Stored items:
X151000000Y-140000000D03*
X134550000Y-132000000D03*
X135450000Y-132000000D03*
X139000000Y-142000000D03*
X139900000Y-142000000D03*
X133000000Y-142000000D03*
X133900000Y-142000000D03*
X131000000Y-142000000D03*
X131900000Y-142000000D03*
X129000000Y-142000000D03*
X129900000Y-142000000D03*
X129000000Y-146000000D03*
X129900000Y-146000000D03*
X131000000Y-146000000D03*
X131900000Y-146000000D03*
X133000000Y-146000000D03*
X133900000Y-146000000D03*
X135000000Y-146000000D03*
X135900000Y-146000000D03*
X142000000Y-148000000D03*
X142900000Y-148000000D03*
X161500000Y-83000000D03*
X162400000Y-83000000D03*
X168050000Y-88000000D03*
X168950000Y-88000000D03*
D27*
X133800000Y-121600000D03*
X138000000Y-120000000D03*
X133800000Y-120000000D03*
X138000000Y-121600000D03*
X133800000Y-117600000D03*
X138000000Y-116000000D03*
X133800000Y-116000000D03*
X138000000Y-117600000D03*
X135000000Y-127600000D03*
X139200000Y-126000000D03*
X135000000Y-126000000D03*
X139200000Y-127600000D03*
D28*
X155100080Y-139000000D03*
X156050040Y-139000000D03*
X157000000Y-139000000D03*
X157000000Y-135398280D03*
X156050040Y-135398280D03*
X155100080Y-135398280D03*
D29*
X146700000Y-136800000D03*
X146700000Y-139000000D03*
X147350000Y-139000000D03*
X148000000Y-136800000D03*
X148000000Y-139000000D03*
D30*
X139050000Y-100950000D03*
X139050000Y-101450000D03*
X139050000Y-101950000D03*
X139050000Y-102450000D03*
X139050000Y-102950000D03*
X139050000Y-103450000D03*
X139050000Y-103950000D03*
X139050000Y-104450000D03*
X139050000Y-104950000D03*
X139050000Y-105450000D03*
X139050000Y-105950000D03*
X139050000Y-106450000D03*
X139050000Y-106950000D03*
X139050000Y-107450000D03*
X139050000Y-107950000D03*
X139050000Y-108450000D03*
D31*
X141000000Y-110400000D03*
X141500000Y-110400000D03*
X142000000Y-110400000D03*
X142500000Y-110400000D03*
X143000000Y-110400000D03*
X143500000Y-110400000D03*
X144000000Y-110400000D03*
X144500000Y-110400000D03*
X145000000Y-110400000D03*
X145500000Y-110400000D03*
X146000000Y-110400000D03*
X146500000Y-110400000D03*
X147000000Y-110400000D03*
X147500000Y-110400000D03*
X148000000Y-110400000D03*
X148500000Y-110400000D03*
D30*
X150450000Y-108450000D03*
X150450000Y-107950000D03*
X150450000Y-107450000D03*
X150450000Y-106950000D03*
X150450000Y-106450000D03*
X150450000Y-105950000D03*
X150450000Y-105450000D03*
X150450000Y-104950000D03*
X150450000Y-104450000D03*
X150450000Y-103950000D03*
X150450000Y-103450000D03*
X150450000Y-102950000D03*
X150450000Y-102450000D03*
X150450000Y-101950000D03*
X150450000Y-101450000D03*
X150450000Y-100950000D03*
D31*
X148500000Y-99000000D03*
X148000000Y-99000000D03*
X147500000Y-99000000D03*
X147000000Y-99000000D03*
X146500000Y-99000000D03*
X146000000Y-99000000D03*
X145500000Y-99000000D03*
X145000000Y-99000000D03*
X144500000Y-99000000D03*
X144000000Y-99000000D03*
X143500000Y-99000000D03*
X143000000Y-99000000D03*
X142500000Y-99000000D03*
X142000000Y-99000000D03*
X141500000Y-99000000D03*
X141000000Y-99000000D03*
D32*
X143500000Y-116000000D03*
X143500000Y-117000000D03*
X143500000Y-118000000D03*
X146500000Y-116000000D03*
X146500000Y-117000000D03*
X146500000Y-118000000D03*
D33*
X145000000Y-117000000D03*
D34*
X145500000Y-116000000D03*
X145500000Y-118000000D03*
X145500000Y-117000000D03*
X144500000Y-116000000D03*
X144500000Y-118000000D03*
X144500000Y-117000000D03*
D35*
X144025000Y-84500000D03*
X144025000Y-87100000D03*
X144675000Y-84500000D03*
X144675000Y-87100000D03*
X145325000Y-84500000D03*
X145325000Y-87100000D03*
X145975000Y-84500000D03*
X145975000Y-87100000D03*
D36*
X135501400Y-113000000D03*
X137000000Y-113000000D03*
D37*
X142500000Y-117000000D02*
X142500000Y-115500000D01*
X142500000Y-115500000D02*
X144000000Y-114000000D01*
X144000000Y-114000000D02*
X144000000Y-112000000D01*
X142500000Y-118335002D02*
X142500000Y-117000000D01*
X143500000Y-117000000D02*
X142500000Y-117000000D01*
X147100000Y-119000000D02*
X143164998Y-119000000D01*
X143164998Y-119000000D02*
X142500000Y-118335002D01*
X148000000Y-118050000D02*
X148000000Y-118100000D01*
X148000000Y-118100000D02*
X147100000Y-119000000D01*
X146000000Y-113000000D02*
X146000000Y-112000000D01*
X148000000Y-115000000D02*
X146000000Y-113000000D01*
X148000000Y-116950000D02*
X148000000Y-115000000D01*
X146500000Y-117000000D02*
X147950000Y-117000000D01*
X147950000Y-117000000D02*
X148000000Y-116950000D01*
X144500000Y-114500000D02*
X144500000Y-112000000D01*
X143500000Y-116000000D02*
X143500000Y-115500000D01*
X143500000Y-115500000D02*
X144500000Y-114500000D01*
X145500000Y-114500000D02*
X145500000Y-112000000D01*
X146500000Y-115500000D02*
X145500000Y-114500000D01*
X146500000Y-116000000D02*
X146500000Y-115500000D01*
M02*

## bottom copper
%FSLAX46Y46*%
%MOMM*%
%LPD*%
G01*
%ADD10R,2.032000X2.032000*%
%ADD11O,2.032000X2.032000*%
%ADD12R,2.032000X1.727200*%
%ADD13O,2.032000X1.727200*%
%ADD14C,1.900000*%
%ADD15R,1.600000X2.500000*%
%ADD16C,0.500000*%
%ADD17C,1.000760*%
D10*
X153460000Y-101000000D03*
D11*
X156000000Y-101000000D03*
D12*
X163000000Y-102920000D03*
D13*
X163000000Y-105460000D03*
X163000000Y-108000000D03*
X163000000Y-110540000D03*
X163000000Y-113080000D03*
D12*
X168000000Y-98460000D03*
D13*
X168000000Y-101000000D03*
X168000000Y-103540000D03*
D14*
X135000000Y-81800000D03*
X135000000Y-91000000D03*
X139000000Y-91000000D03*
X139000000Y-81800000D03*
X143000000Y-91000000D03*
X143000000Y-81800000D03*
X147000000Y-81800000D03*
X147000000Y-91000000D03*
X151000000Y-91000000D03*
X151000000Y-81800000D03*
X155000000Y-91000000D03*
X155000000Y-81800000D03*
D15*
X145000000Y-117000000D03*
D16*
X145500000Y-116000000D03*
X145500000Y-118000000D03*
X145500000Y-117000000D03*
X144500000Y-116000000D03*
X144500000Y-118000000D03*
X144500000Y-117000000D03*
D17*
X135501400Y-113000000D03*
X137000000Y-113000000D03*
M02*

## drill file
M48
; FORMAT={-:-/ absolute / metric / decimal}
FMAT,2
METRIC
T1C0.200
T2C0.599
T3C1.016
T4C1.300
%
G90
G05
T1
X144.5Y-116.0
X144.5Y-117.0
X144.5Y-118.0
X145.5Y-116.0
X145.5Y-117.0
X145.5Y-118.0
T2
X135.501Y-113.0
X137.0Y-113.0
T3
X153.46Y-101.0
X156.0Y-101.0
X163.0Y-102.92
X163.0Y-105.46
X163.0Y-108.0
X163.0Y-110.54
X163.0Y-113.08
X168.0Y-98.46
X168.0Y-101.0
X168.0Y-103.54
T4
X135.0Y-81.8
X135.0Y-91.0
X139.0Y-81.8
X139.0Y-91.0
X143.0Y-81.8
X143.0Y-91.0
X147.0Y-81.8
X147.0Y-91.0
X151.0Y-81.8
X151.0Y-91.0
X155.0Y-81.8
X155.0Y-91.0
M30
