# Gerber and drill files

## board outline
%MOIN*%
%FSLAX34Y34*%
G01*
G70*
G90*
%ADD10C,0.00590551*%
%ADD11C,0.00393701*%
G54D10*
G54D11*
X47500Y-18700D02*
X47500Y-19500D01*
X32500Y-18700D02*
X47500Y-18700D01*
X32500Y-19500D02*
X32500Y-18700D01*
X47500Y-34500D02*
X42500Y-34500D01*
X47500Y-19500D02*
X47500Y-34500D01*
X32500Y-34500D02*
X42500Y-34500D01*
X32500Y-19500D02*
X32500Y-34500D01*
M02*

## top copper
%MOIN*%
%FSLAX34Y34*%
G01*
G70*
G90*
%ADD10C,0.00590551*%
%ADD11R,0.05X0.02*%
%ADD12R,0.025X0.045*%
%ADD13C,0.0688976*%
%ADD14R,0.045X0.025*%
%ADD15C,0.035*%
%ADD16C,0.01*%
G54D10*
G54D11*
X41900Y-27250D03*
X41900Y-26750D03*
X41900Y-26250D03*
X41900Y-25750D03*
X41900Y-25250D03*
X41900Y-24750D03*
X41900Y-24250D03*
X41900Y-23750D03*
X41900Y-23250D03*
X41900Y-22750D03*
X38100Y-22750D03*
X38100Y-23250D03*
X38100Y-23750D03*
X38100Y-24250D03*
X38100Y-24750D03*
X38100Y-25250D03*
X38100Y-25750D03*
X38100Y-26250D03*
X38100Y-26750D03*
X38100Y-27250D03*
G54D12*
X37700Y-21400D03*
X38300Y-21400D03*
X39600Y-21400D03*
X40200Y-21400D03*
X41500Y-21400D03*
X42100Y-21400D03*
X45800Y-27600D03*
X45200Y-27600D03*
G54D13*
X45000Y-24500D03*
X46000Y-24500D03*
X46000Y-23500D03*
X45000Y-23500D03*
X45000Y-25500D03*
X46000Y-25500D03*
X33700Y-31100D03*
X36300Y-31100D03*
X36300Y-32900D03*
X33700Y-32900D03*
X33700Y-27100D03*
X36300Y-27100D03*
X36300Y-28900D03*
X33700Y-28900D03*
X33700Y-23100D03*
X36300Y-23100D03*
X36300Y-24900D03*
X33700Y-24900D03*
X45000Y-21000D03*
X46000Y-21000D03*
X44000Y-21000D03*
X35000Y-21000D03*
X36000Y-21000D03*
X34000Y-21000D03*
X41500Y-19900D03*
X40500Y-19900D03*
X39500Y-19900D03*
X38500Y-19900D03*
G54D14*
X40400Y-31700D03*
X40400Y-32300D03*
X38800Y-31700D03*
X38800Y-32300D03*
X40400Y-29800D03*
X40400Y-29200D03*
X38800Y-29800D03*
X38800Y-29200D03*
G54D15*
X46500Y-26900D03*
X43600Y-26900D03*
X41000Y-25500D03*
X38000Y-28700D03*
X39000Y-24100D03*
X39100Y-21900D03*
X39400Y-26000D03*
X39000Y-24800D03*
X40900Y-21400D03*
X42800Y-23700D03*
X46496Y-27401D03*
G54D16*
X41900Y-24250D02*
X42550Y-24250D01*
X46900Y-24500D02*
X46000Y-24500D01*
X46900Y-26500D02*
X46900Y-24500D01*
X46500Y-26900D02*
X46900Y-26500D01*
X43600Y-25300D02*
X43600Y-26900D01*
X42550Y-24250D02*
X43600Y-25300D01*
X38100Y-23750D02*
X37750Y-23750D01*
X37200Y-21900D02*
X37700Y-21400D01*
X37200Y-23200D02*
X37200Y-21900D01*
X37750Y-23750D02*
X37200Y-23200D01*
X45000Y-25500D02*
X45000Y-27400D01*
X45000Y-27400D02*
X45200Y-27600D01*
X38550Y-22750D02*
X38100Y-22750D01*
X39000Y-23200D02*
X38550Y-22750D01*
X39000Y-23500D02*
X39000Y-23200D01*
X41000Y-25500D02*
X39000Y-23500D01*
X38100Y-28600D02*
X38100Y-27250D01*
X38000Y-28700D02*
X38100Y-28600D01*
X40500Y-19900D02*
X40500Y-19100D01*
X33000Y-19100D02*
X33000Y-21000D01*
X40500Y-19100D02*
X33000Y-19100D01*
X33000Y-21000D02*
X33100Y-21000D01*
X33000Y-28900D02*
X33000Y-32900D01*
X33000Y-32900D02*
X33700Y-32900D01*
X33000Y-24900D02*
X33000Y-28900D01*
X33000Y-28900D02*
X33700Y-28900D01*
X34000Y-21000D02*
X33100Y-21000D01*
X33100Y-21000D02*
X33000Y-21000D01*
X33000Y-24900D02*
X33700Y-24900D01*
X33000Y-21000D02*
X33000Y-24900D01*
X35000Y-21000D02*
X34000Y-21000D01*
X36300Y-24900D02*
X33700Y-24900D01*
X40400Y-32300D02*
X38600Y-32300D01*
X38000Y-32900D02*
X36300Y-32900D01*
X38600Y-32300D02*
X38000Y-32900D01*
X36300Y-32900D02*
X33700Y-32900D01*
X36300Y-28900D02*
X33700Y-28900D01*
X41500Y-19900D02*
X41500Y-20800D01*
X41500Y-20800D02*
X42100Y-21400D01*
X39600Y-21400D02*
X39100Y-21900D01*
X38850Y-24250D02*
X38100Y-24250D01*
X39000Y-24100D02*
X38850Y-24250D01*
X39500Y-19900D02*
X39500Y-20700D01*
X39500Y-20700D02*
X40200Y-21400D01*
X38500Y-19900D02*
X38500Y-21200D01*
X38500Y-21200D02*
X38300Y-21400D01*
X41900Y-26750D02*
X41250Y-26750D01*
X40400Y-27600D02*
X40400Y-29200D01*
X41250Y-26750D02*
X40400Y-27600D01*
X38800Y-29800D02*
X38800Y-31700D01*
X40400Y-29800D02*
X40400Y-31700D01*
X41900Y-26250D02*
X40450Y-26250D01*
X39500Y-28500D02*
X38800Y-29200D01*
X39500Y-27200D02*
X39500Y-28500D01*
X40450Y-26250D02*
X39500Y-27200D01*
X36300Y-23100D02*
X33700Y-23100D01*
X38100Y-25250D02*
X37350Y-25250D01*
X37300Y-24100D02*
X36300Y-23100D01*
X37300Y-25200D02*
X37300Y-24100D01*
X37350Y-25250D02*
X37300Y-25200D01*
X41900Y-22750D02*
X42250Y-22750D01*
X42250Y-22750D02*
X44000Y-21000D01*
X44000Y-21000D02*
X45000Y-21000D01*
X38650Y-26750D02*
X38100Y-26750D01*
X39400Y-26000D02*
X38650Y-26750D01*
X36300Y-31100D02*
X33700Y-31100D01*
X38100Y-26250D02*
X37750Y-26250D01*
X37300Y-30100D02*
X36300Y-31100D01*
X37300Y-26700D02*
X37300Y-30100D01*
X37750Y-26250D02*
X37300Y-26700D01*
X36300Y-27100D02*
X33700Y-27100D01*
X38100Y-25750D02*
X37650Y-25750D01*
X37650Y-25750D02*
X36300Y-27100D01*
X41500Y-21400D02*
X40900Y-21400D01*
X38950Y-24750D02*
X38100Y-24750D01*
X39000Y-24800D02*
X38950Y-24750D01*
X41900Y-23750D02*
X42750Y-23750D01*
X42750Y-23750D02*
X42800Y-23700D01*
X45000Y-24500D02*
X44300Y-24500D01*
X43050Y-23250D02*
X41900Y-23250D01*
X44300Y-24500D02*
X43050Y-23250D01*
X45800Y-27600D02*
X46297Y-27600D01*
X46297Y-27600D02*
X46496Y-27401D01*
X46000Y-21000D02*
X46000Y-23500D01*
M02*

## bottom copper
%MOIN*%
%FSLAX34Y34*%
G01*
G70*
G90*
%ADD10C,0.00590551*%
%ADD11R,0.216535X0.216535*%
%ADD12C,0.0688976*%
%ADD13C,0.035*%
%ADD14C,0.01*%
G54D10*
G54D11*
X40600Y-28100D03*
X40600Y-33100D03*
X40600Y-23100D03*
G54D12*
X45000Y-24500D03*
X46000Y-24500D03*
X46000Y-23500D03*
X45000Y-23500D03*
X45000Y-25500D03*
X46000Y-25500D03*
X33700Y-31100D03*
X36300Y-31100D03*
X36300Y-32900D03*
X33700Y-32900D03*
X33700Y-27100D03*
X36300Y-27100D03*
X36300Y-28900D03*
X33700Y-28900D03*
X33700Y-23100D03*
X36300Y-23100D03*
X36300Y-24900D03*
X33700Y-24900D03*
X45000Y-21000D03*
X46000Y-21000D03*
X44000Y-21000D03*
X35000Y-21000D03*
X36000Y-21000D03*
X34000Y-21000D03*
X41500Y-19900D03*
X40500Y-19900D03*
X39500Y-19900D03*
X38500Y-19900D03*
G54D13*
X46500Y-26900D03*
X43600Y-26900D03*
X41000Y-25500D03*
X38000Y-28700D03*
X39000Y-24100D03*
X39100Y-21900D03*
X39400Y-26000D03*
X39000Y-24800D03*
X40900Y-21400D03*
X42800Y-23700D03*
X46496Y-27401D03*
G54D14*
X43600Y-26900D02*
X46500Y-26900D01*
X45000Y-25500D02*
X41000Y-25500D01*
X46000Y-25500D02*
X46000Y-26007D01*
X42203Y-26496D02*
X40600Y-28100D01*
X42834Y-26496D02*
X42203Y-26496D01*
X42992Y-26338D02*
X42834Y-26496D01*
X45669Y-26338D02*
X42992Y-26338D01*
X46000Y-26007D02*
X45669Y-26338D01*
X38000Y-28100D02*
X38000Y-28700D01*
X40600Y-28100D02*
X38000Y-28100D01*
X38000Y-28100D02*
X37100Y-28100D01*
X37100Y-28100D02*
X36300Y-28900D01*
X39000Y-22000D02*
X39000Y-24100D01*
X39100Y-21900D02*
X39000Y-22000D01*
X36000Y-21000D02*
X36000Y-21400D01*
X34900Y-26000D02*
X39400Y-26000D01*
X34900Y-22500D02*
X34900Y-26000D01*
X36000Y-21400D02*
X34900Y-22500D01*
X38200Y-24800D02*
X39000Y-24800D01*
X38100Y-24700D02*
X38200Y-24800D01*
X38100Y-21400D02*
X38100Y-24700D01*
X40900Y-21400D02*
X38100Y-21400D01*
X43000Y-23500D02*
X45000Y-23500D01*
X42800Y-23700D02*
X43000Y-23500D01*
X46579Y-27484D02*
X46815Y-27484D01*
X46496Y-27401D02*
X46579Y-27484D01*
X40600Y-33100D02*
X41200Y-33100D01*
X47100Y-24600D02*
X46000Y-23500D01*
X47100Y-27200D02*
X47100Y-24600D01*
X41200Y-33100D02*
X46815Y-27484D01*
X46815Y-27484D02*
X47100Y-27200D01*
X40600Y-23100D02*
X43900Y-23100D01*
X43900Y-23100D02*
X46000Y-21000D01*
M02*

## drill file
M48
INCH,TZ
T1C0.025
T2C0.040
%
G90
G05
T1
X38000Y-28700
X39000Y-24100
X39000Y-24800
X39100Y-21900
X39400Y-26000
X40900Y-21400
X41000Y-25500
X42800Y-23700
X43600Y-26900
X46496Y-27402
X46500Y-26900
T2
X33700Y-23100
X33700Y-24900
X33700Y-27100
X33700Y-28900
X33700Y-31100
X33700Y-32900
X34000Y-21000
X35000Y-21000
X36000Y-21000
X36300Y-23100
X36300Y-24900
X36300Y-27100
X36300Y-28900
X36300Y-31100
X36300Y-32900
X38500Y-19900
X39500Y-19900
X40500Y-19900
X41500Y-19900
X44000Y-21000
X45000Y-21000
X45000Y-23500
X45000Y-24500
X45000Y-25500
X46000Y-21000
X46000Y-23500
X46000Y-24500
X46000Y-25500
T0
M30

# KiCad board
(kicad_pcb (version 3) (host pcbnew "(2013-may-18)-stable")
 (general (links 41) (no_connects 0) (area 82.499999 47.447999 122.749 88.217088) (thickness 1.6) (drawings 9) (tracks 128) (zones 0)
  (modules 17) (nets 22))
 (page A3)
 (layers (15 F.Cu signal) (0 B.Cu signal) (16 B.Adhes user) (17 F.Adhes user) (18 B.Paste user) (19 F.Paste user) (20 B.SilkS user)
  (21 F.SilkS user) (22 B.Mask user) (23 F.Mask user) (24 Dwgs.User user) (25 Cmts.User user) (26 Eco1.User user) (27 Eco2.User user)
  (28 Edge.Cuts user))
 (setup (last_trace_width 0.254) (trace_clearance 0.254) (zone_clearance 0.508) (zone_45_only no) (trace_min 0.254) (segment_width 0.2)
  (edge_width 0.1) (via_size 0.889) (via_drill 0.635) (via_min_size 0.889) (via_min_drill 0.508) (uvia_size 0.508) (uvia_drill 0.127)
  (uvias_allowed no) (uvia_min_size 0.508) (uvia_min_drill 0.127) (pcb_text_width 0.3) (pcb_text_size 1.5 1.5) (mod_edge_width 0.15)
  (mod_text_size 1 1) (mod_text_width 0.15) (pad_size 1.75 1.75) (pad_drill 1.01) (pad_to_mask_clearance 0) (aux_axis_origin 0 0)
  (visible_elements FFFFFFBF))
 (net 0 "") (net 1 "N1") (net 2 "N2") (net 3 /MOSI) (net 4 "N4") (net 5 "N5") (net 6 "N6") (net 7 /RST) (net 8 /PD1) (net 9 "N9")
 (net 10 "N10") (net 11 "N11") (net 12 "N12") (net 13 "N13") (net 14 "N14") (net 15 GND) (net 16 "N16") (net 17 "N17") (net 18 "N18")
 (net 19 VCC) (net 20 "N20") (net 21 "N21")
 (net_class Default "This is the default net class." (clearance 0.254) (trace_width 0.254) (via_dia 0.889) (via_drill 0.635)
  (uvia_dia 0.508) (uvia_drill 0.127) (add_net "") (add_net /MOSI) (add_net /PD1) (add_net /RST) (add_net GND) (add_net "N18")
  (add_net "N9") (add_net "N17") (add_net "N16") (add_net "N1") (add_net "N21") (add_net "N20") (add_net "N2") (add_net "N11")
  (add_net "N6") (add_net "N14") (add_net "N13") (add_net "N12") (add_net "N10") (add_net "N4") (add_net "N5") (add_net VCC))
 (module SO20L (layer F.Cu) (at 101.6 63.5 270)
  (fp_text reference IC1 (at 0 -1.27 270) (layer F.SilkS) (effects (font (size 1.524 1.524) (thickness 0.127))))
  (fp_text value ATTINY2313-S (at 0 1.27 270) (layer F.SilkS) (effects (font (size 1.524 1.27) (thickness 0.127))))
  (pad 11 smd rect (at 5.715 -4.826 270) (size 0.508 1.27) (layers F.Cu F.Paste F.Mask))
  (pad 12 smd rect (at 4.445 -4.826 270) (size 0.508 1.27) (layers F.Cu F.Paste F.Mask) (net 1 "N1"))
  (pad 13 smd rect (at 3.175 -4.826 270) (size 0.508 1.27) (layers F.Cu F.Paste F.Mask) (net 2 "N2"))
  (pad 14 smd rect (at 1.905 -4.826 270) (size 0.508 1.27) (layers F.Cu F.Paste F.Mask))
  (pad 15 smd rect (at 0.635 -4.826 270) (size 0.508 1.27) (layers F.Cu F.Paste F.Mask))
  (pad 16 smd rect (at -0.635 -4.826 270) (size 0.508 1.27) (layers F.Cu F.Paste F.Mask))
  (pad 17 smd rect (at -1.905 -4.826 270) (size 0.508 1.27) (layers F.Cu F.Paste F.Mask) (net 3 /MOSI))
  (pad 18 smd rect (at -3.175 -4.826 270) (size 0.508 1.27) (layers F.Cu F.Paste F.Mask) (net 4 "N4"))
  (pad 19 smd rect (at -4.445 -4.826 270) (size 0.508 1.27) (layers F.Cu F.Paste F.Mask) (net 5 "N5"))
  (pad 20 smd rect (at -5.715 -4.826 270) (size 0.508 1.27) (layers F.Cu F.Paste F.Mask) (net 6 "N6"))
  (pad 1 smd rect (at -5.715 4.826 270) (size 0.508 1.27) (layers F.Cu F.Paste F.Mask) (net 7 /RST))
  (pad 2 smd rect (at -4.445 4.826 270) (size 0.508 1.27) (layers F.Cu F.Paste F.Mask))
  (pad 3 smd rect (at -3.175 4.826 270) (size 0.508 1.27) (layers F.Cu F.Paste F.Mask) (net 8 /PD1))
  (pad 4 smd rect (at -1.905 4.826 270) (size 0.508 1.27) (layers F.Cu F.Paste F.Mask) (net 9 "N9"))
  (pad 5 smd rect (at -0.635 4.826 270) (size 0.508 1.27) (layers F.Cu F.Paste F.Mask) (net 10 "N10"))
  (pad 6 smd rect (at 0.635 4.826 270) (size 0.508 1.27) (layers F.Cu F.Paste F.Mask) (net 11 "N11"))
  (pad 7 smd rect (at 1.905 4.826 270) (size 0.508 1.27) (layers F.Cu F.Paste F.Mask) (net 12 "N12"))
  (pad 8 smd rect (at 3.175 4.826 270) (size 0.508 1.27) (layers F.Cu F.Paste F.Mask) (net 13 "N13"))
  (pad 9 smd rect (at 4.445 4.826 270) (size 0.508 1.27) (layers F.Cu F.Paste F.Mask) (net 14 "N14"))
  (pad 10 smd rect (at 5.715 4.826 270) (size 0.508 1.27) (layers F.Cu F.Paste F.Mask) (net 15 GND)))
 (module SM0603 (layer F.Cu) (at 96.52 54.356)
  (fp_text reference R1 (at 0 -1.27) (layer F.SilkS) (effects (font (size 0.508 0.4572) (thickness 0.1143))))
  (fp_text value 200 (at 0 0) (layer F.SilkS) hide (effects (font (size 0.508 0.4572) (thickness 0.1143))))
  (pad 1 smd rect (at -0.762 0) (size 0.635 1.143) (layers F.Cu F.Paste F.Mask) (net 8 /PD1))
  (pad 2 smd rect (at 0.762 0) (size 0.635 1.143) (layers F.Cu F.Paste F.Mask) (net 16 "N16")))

# Requirement
Go through the records from the first line and copy each one exactly, ending after the line that contains "X168950000Y-88000000D03*". Give nothing else.

# Result for this exercise
X151000000Y-140000000D03*
X134550000Y-132000000D03*
X135450000Y-132000000D03*
X139000000Y-142000000D03*
X139900000Y-142000000D03*
X133000000Y-142000000D03*
X133900000Y-142000000D03*
X131000000Y-142000000D03*
X131900000Y-142000000D03*
X129000000Y-142000000D03*
X129900000Y-142000000D03*
X129000000Y-146000000D03*
X129900000Y-146000000D03*
X131000000Y-146000000D03*
X131900000Y-146000000D03*
X133000000Y-146000000D03*
X133900000Y-146000000D03*
X135000000Y-146000000D03*
X135900000Y-146000000D03*
X142000000Y-148000000D03*
X142900000Y-148000000D03*
X161500000Y-83000000D03*
X162400000Y-83000000D03*
X168050000Y-88000000D03*
X168950000Y-88000000D03*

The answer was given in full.